# How big do lion heads get????



## ricosuave (Dec 23, 2009)

I know this is somthing silly to pull a thread for but how big do lion heads get. I wana add one to my family? What are their temperments like, and can you giv me more general info on them... Off topic, can you also tell me how giant rabbits get along with dwarf rabbits??


----------



## zyymurgy (Dec 23, 2009)

My two lionhead mixes are on the slightly small side, but they might get bigger; so far, they're light enough to comfortably carry on my shoulder. Their attitudes are wildly different, but from what I've heard, my "bad" bunny's behaviour is typical of the breed. XD; She likes to bite and is territorial about her cage, but she can be sweet if you get her to sit still.


----------



## TinysMom (Dec 23, 2009)

As a former lionhead breeder - I've dealt with well over 200 lionheads I think - and I will say that they can weigh anywhere from 2 pounds to 6 pounds (some of the "older style" ones from the imports could be 6 pounds and more). The average tends to be about 3 pounds among breeders who breed for show.

The vast majority of mine were sweeeties and not biters. I've had a few biters - but they usually came from breeders who treated their animals like livestock and not pets. Even my biters came around to be loving usually.

I do recommend folks go to a breeder (or shelter) if looking for a lionhead - the reason I say this is that most GOOD breeders will breed with temperament in mind as well as show quality (backyard breeders...are another thing). A rabbit from a shelter will hopefully have become socialized and used to be handled...so that is why I suggest that too.

Hope this helps!


----------



## irishbunny (Dec 23, 2009)

They can really be any size, it varys from bunny to bunny.

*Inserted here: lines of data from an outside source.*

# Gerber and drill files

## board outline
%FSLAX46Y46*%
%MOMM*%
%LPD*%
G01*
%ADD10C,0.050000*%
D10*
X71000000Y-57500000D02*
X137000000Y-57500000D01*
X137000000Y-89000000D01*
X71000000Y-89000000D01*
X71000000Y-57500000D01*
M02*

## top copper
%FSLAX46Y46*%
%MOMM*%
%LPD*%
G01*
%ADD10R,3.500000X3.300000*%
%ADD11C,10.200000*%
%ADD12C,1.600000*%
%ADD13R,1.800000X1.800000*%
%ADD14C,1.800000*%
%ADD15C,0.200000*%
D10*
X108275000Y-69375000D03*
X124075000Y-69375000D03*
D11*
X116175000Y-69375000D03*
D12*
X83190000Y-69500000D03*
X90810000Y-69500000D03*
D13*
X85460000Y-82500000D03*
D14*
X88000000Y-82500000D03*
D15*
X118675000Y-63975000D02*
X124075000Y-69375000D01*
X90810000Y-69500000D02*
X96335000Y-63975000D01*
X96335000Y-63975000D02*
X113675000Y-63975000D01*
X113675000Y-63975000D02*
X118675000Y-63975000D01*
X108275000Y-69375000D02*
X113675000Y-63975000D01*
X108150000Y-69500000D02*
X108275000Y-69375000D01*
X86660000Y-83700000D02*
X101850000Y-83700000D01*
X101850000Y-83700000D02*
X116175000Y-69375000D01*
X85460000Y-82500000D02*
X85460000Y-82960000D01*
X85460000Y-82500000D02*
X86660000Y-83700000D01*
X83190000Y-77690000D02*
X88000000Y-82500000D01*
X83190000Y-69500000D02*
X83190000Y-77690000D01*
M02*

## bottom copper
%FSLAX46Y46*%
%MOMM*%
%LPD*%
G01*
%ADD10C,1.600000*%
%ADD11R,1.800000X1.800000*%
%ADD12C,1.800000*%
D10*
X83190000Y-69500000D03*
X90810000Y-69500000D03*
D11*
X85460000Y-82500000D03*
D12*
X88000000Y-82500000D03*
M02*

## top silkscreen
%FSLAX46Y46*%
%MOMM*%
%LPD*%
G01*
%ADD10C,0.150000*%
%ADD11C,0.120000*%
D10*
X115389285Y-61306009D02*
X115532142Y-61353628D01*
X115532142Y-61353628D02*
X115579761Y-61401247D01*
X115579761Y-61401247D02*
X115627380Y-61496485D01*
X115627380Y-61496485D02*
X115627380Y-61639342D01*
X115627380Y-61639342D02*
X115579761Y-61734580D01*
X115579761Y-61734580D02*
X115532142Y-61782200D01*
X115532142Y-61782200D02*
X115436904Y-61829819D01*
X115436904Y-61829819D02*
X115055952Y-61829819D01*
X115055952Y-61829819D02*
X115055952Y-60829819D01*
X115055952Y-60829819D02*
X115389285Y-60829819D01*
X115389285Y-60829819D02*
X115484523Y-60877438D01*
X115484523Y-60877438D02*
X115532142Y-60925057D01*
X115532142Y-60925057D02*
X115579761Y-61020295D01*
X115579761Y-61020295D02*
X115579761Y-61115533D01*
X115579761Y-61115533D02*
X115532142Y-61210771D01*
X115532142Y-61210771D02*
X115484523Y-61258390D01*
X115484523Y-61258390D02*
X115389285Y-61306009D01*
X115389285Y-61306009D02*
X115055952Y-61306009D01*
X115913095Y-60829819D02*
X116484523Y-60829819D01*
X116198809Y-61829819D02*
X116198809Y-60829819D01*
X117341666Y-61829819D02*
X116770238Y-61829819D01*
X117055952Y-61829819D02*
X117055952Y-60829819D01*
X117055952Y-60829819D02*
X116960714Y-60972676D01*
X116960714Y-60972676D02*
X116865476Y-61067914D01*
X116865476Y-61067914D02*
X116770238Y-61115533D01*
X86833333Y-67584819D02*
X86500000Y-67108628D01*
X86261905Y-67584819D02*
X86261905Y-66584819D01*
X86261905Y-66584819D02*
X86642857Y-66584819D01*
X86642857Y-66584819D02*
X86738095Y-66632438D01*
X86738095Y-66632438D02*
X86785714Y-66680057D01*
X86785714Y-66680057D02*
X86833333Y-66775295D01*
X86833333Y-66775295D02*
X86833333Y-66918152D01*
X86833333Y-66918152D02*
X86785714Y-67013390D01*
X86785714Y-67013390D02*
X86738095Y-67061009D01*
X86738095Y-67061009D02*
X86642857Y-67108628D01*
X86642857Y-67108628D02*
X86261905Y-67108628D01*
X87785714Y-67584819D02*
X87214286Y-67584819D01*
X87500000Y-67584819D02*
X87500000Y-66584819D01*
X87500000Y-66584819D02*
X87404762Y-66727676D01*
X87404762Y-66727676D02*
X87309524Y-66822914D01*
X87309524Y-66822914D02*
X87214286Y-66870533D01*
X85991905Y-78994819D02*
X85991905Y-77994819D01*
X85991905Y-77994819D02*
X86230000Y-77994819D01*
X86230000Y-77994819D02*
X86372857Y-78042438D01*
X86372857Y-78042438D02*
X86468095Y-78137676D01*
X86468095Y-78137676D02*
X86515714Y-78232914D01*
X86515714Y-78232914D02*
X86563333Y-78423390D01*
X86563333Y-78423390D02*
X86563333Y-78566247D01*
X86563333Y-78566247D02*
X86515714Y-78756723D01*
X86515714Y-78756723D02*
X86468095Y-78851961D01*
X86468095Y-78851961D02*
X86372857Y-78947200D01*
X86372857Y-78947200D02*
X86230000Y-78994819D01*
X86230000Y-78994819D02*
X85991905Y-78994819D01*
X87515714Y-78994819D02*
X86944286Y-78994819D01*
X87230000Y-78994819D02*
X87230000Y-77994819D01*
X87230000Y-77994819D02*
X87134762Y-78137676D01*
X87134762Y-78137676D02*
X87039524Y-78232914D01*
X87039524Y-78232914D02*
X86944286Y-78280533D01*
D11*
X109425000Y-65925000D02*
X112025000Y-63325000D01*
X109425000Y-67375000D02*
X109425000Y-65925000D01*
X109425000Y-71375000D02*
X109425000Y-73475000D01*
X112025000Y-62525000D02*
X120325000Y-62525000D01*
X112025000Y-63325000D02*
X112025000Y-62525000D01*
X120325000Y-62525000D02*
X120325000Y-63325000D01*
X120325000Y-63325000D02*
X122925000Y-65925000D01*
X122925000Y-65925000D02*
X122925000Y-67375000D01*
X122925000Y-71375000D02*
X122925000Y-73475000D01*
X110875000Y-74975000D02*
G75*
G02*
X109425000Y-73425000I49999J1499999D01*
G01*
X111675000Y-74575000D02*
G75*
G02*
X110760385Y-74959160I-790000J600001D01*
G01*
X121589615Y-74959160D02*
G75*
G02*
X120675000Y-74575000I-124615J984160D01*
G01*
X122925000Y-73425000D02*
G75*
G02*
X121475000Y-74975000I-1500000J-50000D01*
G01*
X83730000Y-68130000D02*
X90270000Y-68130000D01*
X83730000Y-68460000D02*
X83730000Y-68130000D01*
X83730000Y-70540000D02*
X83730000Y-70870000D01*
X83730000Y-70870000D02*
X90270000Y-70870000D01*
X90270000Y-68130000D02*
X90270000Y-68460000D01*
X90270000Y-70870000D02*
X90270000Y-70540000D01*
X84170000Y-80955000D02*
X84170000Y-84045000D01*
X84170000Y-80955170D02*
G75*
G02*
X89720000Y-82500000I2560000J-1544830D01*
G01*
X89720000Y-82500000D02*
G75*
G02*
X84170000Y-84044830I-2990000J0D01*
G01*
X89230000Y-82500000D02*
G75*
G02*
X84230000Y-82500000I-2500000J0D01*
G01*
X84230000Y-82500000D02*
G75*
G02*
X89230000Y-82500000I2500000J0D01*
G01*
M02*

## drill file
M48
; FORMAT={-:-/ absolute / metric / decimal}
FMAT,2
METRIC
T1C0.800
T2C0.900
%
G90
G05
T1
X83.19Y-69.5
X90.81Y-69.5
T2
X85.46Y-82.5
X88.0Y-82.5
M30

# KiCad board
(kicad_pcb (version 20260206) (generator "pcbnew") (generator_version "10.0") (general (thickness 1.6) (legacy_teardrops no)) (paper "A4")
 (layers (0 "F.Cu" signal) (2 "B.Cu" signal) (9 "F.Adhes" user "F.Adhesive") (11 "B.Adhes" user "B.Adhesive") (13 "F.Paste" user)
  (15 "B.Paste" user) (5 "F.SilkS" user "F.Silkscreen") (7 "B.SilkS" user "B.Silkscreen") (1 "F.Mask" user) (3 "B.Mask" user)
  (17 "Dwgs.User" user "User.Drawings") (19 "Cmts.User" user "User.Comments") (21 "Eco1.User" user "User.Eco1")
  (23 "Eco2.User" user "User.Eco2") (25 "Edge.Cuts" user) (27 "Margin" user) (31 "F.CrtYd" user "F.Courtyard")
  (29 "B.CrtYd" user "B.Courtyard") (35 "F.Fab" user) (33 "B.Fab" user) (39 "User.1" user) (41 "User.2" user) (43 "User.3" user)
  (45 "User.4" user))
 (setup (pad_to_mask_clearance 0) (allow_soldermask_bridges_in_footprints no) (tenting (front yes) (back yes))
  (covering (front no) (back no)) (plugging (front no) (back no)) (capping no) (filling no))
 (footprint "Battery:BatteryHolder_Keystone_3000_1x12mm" (layer "F.Cu") (at 116.175 69.375)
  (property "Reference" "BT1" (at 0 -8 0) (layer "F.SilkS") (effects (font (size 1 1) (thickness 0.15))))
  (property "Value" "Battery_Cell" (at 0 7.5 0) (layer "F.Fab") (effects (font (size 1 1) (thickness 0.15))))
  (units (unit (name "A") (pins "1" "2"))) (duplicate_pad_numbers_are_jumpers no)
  (fp_line (start -6.75 -3.45) (end -4.15 -6.05) (stroke (width 0.12) (type solid)) (layer "F.SilkS"))
  (fp_line (start -6.75 -2) (end -6.75 -3.45) (stroke (width 0.12) (type solid)) (layer "F.SilkS"))
  (fp_line (start -6.75 2) (end -6.75 4.1) (stroke (width 0.12) (type solid)) (layer "F.SilkS"))
  (fp_line (start -4.15 -6.85) (end 4.15 -6.85) (stroke (width 0.12) (type solid)) (layer "F.SilkS"))
  (fp_line (start -4.15 -6.05) (end -4.15 -6.85) (stroke (width 0.12) (type solid)) (layer "F.SilkS"))
  (fp_line (start 4.15 -6.85) (end 4.15 -6.05) (stroke (width 0.12) (type solid)) (layer "F.SilkS"))
  (fp_line (start 4.15 -6.05) (end 6.75 -3.45) (stroke (width 0.12) (type solid)) (layer "F.SilkS"))
  (fp_line (start 6.75 -3.45) (end 6.75 -2) (stroke (width 0.12) (type solid)) (layer "F.SilkS"))
  (fp_line (start 6.75 2) (end 6.75 4.1) (stroke (width 0.12) (type solid)) (layer "F.SilkS"))
  (fp_arc (start -5.3 5.6) (mid -6.346016 5.125305) (end -6.75 4.05) (stroke (width 0.12) (type solid)) (layer "F.SilkS"))
  (fp_arc (start -4.5 5.2) (mid -4.90584 5.514615) (end -5.414615 5.58416) (stroke (width 0.12) (type solid)) (layer "F.SilkS"))
  (fp_arc (start 5.414615 5.58416) (mid 4.90584 5.514615) (end 4.5 5.2) (stroke (width 0.12) (type solid)) (layer "F.SilkS"))
  (fp_arc (start 6.75 4.05) (mid 6.346016 5.125305) (end 5.3 5.6) (stroke (width 0.12) (type solid)) (layer "F.SilkS"))
  (pad "1" smd rect (at -7.9 0) (size 3.5 3.3) (layers "F.Cu" "F.Mask" "F.Paste") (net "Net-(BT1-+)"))
  (pad "1" smd rect (at 7.9 0) (size 3.5 3.3) (layers "F.Cu" "F.Mask" "F.Paste") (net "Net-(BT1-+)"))
  (pad "2" smd circle (at 0 0) (size 10.2 10.2) (layers "F.Cu" "F.Mask") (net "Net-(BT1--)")))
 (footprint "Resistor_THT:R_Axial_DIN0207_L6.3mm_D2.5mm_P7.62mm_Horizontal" (layer "F.Cu") (at 83.19 69.5)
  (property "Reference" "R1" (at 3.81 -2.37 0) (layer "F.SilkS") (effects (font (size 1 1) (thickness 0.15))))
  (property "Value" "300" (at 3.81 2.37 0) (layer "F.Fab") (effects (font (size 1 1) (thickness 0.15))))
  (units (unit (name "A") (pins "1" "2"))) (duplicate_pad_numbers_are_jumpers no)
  (fp_line (start 0.54 -1.37) (end 7.08 -1.37) (stroke (width 0.12) (type solid)) (layer "F.SilkS"))
  (fp_line (start 0.54 -1.04) (end 0.54 -1.37) (stroke (width 0.12) (type solid)) (layer "F.SilkS"))
  (fp_line (start 0.54 1.04) (end 0.54 1.37) (stroke (width 0.12) (type solid)) (layer "F.SilkS"))
  (fp_line (start 0.54 1.37) (end 7.08 1.37) (stroke (width 0.12) (type solid)) (layer "F.SilkS"))
  (fp_line (start 7.08 -1.37) (end 7.08 -1.04) (stroke (width 0.12) (type solid)) (layer "F.SilkS"))
  (fp_line (start 7.08 1.37) (end 7.08 1.04) (stroke (width 0.12) (type solid)) (layer "F.SilkS"))
  (pad "1" thru_hole circle (at 0 0) (size 1.6 1.6) (drill 0.8) (layers "*.Cu" "*.Mask") (remove_unused_layers no) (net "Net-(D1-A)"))
  (pad "2" thru_hole circle (at 7.62 0) (size 1.6 1.6) (drill 0.8) (layers "*.Cu" "*.Mask") (remove_unused_layers no) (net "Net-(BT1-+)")))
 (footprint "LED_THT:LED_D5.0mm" (layer "F.Cu") (at 85.46 82.5)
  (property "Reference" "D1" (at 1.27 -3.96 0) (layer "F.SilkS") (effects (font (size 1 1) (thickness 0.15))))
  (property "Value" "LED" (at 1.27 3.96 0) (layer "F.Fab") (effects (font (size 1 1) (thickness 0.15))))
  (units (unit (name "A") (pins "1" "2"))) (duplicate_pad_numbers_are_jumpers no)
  (fp_line (start -1.29 -1.545) (end -1.29 1.545) (stroke (width 0.12) (type solid)) (layer "F.SilkS"))
  (fp_arc (start -1.29 -1.54483) (mid 2.071779 -2.880495) (end 4.26 0) (stroke (width 0.12) (type solid)) (layer "F.SilkS"))
  (fp_arc (start 4.26 0) (mid 2.071779 2.880495) (end -1.29 1.54483) (stroke (width 0.12) (type solid)) (layer "F.SilkS"))
  (fp_circle (center 1.27 0) (end 3.77 0) (stroke (width 0.12) (type solid)) (fill no) (layer "F.SilkS"))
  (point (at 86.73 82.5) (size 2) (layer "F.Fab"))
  (pad "1" thru_hole rect (at 0 0) (size 1.8 1.8) (drill 0.9) (layers "*.Cu" "*.Mask") (remove_unused_layers no) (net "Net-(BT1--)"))
  (pad "2" thru_hole circle (at 2.54 0) (size 1.8 1.8) (drill 0.9) (layers "*.Cu" "*.Mask") (remove_unused_layers no) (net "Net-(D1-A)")))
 (gr_rect (start 71 57.5) (end 137 89) (stroke (width 0.05) (type default)) (fill no) (layer "Edge.Cuts"))
 (segment (start 118.675 63.975) (end 124.075 69.375) (width 0.2) (layer "F.Cu") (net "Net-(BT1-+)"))
 (segment (start 90.81 69.5) (end 96.335 63.975) (width 0.2) (layer "F.Cu") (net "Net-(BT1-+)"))
 (segment (start 96.335 63.975) (end 113.675 63.975) (width 0.2) (layer "F.Cu") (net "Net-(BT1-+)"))
 (segment (start 113.675 63.975) (end 118.675 63.975) (width 0.2) (layer "F.Cu") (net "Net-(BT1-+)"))
 (segment (start 108.275 69.375) (end 113.675 63.975) (width 0.2) (layer "F.Cu") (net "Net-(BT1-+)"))
 (segment (start 108.15 69.5) (end 108.275 69.375) (width 0.2) (layer "F.Cu") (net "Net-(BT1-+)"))
 (segment (start 86.66 83.7) (end 101.85 83.7) (width 0.2) (layer "F.Cu") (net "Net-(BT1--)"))
 (segment (start 101.85 83.7) (end 116.175 69.375) (width 0.2) (layer "F.Cu") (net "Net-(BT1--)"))
 (segment (start 85.46 82.5) (end 85.46 82.96) (width 0.2) (layer "F.Cu") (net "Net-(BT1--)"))
 (segment (start 85.46 82.5) (end 86.66 83.7) (width 0.2) (layer "F.Cu") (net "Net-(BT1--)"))
 (segment (start 83.19 77.69) (end 88 82.5) (width 0.2) (layer "F.Cu") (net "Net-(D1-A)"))
 (segment (start 83.19 69.5) (end 83.19 77.69) (width 0.2) (layer "F.Cu") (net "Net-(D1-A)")))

Most lionheads are just mixes with manes so it's hard to know for sure.


----------



## messes002 (Dec 23, 2009)

i have a dwarf lion head and he is really cute.but he is tempermental.I got him from a friend of mine that didn't spend much time with him.He was a scardy bunny then but he's getting better.so basically if you get a dwarf i would spend lots of time with him

http://www.lionheadrabbit.net/

Here's a site that tells a lot about lionheads I hope it'll help
It also has lots of really cute pics.of them


----------



## Zyzra (Dec 23, 2009)

I have one, and mine is really skittish, and thumps all the time. But she is not mean and doesnt bite. But like they said, if you get them from a breeder you are more likely to get friendlier ones.


----------



## Bentley (Dec 23, 2009)

My cousins have 6 lionheads and they are all so cute! Haha, if wanted to take one home to have a friend for Bentley but my mom won't let me  anywho, my cousins' rabbits aren't really 'pets' but its not like they never get attention. I tried picking one up and it freaked out, but that might be because they never get picked up. Also, they have a few matts in their fur ._. so make sure you have time to brush them! Sorry didn't really answer your question, haha, I don't believe they get that big though, maybe around 5 pounds? but if you do get one you'll definitly have to put up pictures. I love love love Lionheads!


----------



## Amy27 (Dec 23, 2009)

My lionhead is about 5lbs. She has a little attitude. The vet once told me that lionheads don't think they are rabbits, they think they are lions. She acts like it. She isn't scared of anything. She is never really aggressive. She just lets me know what she wants, when she wants it.


----------



## Korr_and_Sophie (Dec 23, 2009)

My lionhead Penelope is about 3.5 pounds. She is not aggressive, but not all that affectionate either. She will let me pet her and handle her, but she doesn't run up for pets. I would imagine if I handled her a lot and get her used to it, she would like it more. I have noticed that after agility events, she is a bit more willing to be pet. 
I know of a lionhead who is about 5ish pounds. She is bonded to a lion-lop mix who is a bit bigger (closer to 6 pounds maybe). I am not sure of their personalities, but they seem friendly enough, at least with me at agility.


----------



## Capri (Jan 25, 2017)

This is actually a great topic since when sites give weight approximations and standards, they don't always specify that non-show rabbits can weigh more or less than the measurements given. My Felicity weighs more than the show standard. So I was curious to find out if this was normal/okay. She isn't overweight, she just has that big of a body structure. An armful.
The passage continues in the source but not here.